A new study published in Scientific Reports is shining a light on how durable medical equipment (DME) use impacts patients’ electric bills.
The study — “The electricity cost burden of durable medical equipment in the United States” — was published in the December 2024 edition of the journal, which is part of the National Library of Medicine.
“Those who rely on durable medical equipment for their health are more likely to be energy insecure and face higher energy burdens than those who do not,” the study’s authors said. “In this article, we evaluate the costs of electricity to run DMEs.”
Large variations in costs from state to state
Study authors pointed out that actual costs vary widely based on the type of DME used, how often the DME is used, how much power is needed to run the DME, and the cost of electricity in local markets.
For example, researchers noted that electricity rates in California, Hawaii and Massachusetts are “elevated” compared to rates in other states.
“We find that the average cost across the most common types of high-frequency DMEs — including oxygen concentrators, continuous positive airway pressure machines, and peritoneal kidney dialysis machines — is between $120 and $333 per year, depending on device size and usage frequency,” the study said. “Some DMEs can cost more than $700 per year to operate, which is an increase of over 40% above the average household bill, and well over that in states with higher electricity prices.
“For those households that are energy insecure and already face difficulty in paying their energy bills, the use of DMEs has the potential to exacerbate this insecurity. Several studies have found that an important correlate of energy insecurity and utility shut-offs is when a member of the household relies on an electronic medical device.”
Researchers added that energy insecurity, also known as energy poverty, “is considered an overlooked social determinant of health.”
From oxygen concentrators to hospital beds
Study authors examined the most common types of DME “that use electricity either through plugging into a wall outlet or rechargeable battery packs.” Those product categories were oxygen concentrators, peritoneal home dialysis systems, ventilators, continuous positive airway pressure (CPAP) systems, bilevel positive airway pressure (BiPAP) systems, nebulizers, scooters, hospital beds, feeding pumps, infusion pumps, and suction machines.
Researchers referenced information such as equipment cost, wattage, and average hourly use “from various sources including brochures and manuals, company websites like Philips, Resmed, Baxter, Pride Mobility, and Covidien, and phone calls to manufacturing companies.” Study authors also “informally” cross referenced the information from those sources with information from “a group of practicing medical professionals.”
On the lower end of the costs survey were suction machines “at about $1.75 to $17.95 in electricity costs per year.” IV pumps and nebulizers would also add “only close to tens of dollars” per year to power bills.
Higher-wattage peritoneal kidney dialysis machines were on the higher end of survey, with authors estimating “$39.89 to $837.63” in electricity costs per year.
While the estimated costs did vary widely, the study said, “Several of the devices have the potential to add more than $50 to one’s monthly electricity bill over the course of a year.”
When power bills are too high to pay
The study acknowledged that insurance providers, even if they cover the cost of the DME itself, do not cover electricity costs, “which might lead to situations where expensive and potentially life-saving devices, accessed for free or very low cost, may go unused because of the cost of electricity.”
It’s a topic, researchers said, that deserves discussion.
“Such outcomes should be understood and addressed by policymakers,” the study said. “Yet, this has not historically been an area where policy discussions can occur since, to date, there have been no credible estimates of the energy needs associated with a range of medical devices. This analysis has sought to address this need by providing such estimates that can help inform policy discussions. It is essential to recognize and document the challenge households face in paying for the electricity needed to operate DMEs and thus access full medical care.”
The study did not examine the costs of electricity versus the overall value of the DME — for example, how optimally used DME at home can prevent medical conditions from escalating and can reduce the need for much more costly hospitalizations, residential care facilities, or medical interventions.
But it did suggest several ways to help DME patients with high energy bills, including strengthening utility disconnection protection policies.

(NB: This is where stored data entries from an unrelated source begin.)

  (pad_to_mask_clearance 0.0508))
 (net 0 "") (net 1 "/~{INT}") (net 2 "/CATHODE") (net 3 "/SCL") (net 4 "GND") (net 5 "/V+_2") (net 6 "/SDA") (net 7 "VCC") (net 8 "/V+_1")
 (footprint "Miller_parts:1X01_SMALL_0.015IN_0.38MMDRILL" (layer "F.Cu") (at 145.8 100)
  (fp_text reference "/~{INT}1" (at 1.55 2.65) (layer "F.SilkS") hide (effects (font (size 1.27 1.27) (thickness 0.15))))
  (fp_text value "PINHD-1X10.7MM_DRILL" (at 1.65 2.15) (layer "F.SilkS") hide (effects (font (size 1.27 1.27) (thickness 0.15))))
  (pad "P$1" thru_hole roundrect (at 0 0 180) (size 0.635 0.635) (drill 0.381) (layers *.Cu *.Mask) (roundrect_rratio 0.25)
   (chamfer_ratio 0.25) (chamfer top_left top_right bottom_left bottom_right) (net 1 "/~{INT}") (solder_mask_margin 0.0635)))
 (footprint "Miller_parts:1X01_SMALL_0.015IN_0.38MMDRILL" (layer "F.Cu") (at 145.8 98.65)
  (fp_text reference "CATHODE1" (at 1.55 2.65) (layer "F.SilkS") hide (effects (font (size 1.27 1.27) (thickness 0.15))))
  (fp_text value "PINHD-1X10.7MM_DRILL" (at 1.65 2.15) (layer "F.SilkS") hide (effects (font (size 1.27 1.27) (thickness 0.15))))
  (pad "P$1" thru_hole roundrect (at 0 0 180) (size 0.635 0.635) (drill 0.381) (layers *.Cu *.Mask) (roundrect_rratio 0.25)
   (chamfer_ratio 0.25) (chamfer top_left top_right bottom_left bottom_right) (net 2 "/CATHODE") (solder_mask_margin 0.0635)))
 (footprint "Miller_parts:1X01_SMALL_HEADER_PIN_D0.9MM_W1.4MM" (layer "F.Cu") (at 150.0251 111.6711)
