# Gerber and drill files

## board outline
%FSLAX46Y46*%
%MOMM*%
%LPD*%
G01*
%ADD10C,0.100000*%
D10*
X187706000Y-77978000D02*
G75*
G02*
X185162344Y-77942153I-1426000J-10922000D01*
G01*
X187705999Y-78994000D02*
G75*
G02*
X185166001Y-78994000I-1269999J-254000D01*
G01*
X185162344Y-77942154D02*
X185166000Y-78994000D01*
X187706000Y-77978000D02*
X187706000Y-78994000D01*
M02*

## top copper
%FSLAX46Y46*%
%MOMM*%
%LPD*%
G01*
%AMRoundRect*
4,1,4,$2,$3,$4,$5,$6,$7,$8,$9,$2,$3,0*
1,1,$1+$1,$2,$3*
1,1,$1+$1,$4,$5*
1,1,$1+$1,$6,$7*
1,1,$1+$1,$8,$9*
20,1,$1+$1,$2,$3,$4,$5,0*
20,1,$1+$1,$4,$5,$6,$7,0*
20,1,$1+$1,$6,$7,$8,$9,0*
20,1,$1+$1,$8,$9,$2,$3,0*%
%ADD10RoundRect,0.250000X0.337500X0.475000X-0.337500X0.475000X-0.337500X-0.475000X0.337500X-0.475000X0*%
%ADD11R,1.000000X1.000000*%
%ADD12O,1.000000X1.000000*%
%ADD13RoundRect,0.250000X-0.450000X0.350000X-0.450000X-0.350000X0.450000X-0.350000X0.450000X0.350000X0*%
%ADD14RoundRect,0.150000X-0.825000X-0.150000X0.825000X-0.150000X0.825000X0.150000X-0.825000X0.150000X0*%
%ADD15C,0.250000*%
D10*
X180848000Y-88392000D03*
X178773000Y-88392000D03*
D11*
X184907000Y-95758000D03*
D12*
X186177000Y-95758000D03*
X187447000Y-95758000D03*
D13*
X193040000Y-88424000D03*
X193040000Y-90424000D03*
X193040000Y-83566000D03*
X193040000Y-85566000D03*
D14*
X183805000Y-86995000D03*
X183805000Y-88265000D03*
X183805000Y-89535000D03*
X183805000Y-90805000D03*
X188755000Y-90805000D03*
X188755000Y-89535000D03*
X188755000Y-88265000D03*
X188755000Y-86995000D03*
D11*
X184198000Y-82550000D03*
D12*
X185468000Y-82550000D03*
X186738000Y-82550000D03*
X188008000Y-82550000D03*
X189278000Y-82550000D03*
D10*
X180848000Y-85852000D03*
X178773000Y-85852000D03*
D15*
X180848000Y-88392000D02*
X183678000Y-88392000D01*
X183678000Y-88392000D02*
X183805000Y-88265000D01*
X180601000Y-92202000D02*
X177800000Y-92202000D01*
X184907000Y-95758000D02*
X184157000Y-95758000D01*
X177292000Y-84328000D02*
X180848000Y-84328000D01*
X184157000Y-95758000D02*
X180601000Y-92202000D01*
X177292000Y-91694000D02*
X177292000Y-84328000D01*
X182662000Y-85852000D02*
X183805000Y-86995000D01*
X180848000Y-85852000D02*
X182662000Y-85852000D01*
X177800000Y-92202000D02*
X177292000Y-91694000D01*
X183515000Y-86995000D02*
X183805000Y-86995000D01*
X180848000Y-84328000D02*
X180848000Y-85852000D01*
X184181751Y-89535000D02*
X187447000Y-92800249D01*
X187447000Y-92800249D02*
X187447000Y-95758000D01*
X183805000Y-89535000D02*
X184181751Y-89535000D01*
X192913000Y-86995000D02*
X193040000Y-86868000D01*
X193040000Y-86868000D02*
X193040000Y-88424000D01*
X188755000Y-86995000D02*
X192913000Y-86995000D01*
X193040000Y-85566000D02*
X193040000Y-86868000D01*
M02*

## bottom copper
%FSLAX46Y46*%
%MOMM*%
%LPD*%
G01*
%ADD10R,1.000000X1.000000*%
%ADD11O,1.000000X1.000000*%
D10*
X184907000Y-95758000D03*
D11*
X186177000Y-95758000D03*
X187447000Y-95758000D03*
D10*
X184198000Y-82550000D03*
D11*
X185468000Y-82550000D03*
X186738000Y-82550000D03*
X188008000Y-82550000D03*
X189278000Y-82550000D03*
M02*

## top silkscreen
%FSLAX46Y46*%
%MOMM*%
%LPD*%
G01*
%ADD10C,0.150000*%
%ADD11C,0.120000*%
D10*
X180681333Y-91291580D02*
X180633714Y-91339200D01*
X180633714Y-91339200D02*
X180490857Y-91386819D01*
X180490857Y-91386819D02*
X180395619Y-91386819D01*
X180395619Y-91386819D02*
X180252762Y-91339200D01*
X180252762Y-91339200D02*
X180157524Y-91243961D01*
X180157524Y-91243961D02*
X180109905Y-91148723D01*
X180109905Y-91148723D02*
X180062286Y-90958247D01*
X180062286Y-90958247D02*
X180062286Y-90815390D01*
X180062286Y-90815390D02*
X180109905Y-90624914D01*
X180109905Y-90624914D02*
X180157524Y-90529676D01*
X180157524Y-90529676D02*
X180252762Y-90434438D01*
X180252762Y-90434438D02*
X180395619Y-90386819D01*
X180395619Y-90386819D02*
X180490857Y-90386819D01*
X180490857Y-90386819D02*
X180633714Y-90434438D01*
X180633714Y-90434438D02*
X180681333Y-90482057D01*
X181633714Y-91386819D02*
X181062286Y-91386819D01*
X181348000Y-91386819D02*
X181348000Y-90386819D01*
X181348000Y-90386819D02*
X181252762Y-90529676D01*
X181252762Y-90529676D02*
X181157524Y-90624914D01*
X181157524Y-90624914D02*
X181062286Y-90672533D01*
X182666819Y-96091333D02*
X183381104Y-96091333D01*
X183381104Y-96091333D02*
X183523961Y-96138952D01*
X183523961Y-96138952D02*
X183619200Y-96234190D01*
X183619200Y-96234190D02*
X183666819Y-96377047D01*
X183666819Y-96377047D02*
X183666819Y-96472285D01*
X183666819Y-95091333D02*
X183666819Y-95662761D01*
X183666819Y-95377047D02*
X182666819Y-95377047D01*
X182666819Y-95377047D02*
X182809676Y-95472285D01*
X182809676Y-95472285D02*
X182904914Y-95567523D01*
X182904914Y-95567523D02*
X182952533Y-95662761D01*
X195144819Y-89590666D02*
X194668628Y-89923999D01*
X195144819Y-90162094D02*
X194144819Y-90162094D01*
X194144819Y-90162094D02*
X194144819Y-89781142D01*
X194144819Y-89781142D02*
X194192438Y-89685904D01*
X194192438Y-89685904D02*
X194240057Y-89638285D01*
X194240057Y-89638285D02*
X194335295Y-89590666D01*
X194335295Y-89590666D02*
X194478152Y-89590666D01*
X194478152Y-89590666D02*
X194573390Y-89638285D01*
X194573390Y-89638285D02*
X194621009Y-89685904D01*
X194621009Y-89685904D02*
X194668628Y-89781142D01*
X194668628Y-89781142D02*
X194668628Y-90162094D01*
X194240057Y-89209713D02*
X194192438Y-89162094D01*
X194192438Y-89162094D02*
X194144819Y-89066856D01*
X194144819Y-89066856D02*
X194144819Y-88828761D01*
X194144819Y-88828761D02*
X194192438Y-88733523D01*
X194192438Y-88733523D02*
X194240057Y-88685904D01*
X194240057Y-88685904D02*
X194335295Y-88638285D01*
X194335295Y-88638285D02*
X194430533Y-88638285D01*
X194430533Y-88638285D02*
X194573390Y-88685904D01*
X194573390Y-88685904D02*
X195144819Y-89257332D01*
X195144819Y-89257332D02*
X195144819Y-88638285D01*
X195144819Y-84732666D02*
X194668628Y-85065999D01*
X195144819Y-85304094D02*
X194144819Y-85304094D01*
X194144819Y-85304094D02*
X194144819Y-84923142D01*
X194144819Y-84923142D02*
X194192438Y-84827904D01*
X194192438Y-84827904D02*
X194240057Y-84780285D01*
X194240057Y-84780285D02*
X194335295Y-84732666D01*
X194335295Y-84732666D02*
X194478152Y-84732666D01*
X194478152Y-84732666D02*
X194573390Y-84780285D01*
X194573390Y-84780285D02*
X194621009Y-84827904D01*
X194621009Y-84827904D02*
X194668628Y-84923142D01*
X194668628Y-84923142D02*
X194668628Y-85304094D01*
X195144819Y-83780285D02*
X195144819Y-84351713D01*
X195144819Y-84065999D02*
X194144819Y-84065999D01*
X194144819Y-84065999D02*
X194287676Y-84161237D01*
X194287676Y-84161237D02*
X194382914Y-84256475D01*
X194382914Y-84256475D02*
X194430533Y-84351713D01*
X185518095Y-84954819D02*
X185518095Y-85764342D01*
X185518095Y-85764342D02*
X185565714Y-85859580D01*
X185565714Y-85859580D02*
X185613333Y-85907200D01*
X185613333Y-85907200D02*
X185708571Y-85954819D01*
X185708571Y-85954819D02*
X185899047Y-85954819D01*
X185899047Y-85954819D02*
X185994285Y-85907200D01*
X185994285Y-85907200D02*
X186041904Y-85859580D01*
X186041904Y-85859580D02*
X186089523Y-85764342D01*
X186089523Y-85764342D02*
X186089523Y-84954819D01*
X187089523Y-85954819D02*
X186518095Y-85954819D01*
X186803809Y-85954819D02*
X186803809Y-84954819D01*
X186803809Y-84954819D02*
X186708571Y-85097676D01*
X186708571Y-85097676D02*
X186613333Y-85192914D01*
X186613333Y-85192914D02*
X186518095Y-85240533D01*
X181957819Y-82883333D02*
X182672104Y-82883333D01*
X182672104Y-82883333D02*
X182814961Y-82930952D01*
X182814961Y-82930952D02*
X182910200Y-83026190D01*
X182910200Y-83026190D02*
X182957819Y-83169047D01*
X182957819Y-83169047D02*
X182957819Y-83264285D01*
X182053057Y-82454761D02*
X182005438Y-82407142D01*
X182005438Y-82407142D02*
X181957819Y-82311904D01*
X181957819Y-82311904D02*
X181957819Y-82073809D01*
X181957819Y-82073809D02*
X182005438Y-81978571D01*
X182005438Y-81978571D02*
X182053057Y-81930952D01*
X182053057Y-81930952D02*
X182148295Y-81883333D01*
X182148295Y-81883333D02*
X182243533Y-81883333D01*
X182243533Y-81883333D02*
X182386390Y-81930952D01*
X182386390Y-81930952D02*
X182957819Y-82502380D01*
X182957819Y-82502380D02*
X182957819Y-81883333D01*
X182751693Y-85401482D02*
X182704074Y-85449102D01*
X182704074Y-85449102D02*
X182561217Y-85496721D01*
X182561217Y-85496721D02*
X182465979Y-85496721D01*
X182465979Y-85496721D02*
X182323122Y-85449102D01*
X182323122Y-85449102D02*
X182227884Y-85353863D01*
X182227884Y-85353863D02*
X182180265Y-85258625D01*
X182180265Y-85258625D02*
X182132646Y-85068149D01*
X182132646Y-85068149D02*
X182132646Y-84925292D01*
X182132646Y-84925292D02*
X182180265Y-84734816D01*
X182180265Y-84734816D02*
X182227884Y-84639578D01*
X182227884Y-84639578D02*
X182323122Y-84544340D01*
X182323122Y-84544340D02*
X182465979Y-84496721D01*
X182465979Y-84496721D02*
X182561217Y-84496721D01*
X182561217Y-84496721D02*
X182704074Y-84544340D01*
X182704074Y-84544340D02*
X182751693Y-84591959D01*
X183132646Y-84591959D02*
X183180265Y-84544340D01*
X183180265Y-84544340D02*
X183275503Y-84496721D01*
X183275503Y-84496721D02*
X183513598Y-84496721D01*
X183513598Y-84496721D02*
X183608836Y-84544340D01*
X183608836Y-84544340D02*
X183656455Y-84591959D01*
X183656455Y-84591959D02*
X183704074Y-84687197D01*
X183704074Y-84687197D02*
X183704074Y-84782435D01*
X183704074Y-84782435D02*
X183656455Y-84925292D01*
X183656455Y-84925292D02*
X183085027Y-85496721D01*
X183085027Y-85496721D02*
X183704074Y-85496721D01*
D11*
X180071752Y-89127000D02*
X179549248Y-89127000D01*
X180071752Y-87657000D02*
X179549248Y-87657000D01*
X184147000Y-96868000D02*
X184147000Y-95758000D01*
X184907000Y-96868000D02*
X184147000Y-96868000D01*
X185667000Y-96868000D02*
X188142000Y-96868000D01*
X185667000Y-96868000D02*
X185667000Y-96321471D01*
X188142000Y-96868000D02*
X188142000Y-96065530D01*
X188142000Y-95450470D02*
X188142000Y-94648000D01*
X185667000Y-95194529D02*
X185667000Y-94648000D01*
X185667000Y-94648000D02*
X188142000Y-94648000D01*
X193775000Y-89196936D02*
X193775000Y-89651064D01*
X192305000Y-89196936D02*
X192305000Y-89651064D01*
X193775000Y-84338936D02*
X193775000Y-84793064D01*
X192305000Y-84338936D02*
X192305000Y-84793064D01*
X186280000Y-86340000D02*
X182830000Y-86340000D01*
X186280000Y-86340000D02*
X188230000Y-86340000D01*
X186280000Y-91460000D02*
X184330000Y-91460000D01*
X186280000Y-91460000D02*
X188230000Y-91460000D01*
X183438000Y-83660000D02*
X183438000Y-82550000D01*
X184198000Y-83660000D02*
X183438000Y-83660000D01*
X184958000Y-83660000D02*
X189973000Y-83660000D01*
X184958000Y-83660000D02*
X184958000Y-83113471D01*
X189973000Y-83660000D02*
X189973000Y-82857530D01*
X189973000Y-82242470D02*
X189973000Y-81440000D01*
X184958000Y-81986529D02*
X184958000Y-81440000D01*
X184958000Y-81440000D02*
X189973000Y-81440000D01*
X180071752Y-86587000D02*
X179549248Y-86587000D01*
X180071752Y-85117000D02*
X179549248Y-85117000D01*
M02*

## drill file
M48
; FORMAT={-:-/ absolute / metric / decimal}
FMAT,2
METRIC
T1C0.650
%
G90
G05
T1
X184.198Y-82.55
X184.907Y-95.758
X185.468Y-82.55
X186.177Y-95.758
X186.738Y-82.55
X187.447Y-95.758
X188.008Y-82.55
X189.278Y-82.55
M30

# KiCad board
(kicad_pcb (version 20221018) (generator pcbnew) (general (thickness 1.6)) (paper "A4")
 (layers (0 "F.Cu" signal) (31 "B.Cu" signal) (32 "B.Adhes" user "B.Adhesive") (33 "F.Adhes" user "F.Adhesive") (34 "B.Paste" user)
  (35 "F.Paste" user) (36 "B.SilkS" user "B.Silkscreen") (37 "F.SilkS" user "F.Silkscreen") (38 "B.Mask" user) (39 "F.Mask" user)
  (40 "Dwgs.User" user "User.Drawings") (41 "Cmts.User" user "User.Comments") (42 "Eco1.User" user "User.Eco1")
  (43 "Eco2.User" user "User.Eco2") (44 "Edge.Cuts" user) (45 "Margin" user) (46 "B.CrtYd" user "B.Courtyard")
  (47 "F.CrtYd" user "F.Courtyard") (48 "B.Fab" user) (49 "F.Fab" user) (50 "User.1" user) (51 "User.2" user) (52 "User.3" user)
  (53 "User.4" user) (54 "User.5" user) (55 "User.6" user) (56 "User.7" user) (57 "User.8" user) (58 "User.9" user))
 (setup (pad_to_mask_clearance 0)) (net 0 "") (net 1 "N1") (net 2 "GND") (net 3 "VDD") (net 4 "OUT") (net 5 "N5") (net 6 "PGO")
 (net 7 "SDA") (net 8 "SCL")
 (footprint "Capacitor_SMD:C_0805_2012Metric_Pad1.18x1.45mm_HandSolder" (layer "F.Cu") (at 179.8105 88.392 180)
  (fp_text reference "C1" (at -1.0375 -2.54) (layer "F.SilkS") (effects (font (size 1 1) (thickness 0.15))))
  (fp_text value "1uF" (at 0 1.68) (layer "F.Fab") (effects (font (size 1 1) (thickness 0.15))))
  (fp_line (start -0.261252 -0.735) (end 0.261252 -0.735) (stroke (width 0.12) (type solid)) (layer "F.SilkS"))
  (fp_line (start -0.261252 0.735) (end 0.261252 0.735) (stroke (width 0.12) (type solid)) (layer "F.SilkS"))
  (pad "1" smd roundrect (at -1.0375 0 180) (size 1.175 1.45) (layers "F.Cu" "F.Paste" "F.Mask") (roundrect_rratio 0.212766) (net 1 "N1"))
  (pad "2" smd roundrect (at 1.0375 0 180) (size 1.175 1.45) (layers "F.Cu" "F.Paste" "F.Mask") (roundrect_rratio 0.212766) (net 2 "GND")))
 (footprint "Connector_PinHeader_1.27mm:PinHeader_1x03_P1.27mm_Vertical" (layer "F.Cu") (at 184.907 95.758 90)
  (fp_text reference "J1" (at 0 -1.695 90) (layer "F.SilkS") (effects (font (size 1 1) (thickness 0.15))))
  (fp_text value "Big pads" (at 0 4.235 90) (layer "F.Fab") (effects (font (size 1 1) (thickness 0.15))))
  (fp_line (start -1.11 -0.76) (end 0 -0.76) (stroke (width 0.12) (type solid)) (layer "F.SilkS"))
  (fp_line (start -1.11 0) (end -1.11 -0.76) (stroke (width 0.12) (type solid)) (layer "F.SilkS"))
  (fp_line (start -1.11 0.76) (end -1.11 3.235) (stroke (width 0.12) (type solid)) (layer "F.SilkS"))
  (fp_line (start -1.11 0.76) (end -0.563471 0.76) (stroke (width 0.12) (type solid)) (layer "F.SilkS"))
  (fp_line (start -1.11 3.235) (end -0.30753 3.235) (stroke (width 0.12) (type solid)) (layer "F.SilkS"))
  (fp_line (start 0.30753 3.235) (end 1.11 3.235) (stroke (width 0.12) (type solid)) (layer "F.SilkS"))
  (fp_line (start 0.563471 0.76) (end 1.11 0.76) (stroke (width 0.12) (type solid)) (layer "F.SilkS"))
  (fp_line (start 1.11 0.76) (end 1.11 3.235) (stroke (width 0.12) (type solid)) (layer "F.SilkS"))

“While all but five states offer disconnection protections for those with medical conditions, few specify any requirements pertaining to reliance on DMEs,” the study said. “Moreover, many of those existing serious illness protections do not adequately protect those using DMEs. For example, many of them can only be invoked or renewed for limited periods of time, require a doctor to certify that the underlying medical condition is life-threatening (which may not be true for many with DME), still require partial or deferred payments from the customer, or require burdensome proof of low-income status.

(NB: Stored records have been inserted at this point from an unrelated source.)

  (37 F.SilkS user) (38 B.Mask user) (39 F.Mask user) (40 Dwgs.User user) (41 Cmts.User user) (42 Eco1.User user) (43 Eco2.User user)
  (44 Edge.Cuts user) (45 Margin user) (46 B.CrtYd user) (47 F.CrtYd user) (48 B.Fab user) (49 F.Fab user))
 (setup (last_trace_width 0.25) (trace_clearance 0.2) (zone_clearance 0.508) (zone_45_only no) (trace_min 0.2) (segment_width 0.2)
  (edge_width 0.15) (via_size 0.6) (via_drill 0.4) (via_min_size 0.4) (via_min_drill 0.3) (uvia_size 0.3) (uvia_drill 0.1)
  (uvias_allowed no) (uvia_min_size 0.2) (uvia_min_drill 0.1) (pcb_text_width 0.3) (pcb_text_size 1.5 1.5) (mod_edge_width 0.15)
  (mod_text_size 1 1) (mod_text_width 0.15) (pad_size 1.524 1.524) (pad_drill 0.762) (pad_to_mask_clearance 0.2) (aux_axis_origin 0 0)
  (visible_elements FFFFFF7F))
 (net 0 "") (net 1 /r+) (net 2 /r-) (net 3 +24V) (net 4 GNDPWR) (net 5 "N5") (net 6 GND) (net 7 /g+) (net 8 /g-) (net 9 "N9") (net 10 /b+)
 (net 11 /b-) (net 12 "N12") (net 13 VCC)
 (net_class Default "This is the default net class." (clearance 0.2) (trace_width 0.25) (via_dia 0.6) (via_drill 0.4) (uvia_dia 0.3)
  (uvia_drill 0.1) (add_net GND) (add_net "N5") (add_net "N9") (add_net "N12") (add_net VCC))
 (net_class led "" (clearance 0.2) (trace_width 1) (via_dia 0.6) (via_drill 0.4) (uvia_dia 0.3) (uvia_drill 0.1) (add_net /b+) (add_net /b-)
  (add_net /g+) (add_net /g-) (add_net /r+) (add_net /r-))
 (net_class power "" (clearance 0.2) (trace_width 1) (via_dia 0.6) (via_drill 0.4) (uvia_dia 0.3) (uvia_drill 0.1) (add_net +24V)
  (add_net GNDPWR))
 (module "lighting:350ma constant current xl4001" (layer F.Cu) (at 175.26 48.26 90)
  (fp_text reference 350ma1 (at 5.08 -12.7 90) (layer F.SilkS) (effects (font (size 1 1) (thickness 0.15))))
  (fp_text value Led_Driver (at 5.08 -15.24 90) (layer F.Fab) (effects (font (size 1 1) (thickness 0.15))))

“States could more explicitly protect those with DMEs by removing existing barriers to asserting protection against termination.”
And in suggesting that insurance providers could help cover electricity costs, the study noted that when patients do not use DME as often as recommended by their clinicians, the result is “a lost opportunity to improve health.”
“A careful cost-benefit approach to covering DME electricity costs under insurance programs would take into account the potential improved health, the reduced mental strain from financial worries, as well as potential increases in Medicare spending if patients are elastic in their demand for DME with respect to the operation costs (electricity) of the DME,” the study said.